## About this exercise
Write out again each line of the material below, unchanged, from the first one to the line that holds "(gr_line (start -45".

(Entries supplied Opens)

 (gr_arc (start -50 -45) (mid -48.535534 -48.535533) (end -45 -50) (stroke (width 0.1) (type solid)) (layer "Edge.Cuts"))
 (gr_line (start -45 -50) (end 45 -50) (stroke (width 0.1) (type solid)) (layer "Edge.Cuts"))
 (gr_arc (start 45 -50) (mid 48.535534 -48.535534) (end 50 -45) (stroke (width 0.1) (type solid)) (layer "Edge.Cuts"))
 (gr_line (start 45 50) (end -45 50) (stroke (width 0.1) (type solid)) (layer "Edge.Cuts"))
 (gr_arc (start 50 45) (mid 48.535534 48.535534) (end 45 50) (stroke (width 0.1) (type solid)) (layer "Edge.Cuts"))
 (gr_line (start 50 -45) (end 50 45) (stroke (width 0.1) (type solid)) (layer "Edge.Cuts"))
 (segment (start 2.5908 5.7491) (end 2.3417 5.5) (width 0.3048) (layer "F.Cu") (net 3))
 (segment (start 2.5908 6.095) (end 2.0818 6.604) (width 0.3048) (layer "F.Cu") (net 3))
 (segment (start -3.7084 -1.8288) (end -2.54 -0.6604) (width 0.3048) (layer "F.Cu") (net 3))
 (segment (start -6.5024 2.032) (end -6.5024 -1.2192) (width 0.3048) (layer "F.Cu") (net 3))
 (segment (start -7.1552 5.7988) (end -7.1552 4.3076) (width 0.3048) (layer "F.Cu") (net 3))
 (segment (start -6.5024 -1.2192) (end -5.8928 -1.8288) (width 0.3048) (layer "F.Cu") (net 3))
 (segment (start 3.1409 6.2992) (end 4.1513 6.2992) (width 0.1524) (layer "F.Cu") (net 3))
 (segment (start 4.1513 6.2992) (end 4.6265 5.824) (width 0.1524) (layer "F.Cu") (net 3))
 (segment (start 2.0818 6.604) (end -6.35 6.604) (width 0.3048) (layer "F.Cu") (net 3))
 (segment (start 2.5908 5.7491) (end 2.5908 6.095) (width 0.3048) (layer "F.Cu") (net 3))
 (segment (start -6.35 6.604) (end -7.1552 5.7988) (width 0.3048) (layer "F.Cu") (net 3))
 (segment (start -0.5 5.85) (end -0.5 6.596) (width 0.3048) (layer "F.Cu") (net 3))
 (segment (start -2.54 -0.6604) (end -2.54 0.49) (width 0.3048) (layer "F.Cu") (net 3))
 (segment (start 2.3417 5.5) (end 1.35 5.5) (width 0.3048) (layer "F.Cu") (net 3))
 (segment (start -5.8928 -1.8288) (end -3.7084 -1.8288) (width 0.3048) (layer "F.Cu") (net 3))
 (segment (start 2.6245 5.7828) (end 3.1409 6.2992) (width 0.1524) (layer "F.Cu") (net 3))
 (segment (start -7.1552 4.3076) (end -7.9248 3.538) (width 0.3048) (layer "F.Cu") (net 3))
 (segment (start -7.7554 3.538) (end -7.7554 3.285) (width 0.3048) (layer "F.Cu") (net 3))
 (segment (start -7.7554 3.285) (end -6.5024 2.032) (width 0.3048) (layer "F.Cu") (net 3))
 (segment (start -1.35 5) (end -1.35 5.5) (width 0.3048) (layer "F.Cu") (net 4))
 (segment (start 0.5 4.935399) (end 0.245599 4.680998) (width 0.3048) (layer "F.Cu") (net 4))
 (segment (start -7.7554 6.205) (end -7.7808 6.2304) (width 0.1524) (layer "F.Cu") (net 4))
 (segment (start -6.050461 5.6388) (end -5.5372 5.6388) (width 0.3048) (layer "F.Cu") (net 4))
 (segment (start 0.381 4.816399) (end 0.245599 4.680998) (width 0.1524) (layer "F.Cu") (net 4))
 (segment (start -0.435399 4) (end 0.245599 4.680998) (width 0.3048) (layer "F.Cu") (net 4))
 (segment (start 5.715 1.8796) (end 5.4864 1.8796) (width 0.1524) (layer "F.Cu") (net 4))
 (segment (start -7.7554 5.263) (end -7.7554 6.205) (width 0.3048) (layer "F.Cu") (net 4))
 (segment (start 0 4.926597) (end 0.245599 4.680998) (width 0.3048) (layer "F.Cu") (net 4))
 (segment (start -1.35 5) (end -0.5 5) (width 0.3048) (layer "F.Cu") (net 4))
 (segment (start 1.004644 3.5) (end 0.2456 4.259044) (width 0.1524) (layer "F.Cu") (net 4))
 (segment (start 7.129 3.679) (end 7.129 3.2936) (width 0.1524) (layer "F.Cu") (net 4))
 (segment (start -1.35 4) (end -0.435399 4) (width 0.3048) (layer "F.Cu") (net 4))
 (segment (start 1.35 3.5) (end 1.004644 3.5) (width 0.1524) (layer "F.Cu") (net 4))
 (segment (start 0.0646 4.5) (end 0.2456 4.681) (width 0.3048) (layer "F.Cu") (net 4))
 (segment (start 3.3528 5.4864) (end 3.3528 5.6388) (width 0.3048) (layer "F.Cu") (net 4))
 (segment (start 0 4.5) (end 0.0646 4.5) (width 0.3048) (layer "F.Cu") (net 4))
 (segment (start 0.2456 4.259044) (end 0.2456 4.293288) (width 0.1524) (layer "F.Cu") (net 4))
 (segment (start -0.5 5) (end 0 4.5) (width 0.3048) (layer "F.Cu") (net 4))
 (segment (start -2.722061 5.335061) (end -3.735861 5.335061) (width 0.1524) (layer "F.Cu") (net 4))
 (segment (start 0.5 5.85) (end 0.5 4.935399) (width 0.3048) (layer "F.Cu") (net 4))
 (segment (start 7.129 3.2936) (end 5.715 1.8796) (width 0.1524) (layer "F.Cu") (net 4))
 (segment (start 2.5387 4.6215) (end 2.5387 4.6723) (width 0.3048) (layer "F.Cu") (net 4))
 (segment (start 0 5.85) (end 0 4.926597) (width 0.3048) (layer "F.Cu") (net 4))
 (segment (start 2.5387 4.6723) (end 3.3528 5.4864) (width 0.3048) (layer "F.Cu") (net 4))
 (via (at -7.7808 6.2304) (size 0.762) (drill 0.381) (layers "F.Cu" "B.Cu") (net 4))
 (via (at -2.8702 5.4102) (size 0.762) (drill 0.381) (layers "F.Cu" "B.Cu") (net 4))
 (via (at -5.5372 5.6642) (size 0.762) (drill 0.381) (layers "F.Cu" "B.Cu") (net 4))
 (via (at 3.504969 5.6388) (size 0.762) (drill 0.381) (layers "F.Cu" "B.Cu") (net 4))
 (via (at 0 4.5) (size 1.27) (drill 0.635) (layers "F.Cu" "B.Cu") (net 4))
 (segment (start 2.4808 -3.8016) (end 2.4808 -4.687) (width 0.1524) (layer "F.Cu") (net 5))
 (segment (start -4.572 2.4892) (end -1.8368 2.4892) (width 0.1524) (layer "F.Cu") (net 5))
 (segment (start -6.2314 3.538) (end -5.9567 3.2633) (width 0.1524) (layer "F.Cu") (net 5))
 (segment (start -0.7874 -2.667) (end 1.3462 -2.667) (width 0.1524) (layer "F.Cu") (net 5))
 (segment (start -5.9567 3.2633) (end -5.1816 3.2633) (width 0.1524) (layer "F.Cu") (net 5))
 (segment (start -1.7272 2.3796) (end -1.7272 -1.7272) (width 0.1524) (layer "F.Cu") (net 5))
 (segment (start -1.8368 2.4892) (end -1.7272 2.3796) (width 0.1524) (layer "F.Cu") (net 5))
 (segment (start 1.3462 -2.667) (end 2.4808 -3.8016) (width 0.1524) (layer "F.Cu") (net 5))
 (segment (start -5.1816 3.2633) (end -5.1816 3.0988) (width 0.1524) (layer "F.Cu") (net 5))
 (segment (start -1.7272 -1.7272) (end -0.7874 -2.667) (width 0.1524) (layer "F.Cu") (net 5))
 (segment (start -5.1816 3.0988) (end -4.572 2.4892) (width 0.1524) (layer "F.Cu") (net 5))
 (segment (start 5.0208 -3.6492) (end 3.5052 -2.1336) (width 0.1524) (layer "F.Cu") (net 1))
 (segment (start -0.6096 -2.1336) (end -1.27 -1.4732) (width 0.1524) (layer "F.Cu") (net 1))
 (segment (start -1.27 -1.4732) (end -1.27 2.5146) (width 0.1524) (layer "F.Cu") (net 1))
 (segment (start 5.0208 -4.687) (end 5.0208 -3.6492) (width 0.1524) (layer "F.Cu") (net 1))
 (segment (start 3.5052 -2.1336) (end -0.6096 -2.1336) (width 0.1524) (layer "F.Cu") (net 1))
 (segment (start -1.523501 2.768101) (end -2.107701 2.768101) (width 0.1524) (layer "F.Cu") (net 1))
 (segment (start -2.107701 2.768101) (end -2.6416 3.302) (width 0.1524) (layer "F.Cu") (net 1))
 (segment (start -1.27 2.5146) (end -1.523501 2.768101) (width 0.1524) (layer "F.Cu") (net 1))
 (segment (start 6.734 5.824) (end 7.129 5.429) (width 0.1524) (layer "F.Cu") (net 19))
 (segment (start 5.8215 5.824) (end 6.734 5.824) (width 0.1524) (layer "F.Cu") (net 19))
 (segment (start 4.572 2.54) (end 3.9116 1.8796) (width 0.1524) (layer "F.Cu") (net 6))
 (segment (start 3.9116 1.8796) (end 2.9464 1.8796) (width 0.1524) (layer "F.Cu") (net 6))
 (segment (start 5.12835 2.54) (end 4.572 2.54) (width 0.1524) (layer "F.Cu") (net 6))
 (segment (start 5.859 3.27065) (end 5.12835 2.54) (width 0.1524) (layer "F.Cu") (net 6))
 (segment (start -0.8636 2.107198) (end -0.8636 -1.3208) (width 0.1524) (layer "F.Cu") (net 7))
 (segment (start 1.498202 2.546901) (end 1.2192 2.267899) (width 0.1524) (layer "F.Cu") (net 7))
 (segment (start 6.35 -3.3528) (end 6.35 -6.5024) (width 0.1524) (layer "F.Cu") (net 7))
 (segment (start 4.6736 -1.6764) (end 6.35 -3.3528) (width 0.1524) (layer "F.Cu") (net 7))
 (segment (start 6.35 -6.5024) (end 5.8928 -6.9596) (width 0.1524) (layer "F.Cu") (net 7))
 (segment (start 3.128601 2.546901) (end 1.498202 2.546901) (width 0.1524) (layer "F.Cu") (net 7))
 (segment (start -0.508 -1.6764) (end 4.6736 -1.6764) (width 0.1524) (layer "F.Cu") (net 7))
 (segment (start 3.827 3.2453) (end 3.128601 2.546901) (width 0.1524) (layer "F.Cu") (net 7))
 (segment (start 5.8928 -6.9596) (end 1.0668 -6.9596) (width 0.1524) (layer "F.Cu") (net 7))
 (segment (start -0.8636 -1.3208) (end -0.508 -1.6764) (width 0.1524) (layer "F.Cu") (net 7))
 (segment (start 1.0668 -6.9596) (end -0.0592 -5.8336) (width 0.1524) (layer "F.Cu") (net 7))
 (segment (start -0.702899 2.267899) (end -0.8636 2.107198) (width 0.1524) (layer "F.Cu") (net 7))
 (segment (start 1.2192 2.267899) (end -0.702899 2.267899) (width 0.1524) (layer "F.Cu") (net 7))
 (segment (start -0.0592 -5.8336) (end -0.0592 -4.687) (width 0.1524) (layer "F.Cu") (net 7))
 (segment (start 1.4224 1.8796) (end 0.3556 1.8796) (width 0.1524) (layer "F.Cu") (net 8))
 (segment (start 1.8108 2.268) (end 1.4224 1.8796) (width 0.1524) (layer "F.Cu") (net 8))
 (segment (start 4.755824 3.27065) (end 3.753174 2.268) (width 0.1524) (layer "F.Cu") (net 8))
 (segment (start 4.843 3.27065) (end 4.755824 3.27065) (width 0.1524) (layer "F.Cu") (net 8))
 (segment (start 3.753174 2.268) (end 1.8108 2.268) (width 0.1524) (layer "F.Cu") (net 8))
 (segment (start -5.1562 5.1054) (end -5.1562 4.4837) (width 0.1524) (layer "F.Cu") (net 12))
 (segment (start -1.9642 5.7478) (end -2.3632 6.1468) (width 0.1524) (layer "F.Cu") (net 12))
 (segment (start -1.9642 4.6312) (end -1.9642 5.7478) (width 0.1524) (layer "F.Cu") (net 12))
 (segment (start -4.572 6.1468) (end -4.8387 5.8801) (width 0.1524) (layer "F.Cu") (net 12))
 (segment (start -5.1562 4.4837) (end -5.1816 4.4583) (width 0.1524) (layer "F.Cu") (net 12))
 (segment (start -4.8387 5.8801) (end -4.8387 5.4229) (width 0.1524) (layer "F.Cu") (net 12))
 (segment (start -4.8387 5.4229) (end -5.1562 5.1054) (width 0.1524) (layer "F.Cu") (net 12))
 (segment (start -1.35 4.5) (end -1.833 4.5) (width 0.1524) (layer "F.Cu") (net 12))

(Entries supplied Closes)

## Exercise response
 (gr_arc (start -50 -45) (mid -48.535534 -48.535533) (end -45 -50) (stroke (width 0.1) (type solid)) (layer "Edge.Cuts"))
 (gr_line (start -45 -50) (end 45 -50) (stroke (width 0.1) (type solid)) (layer "Edge.Cuts"))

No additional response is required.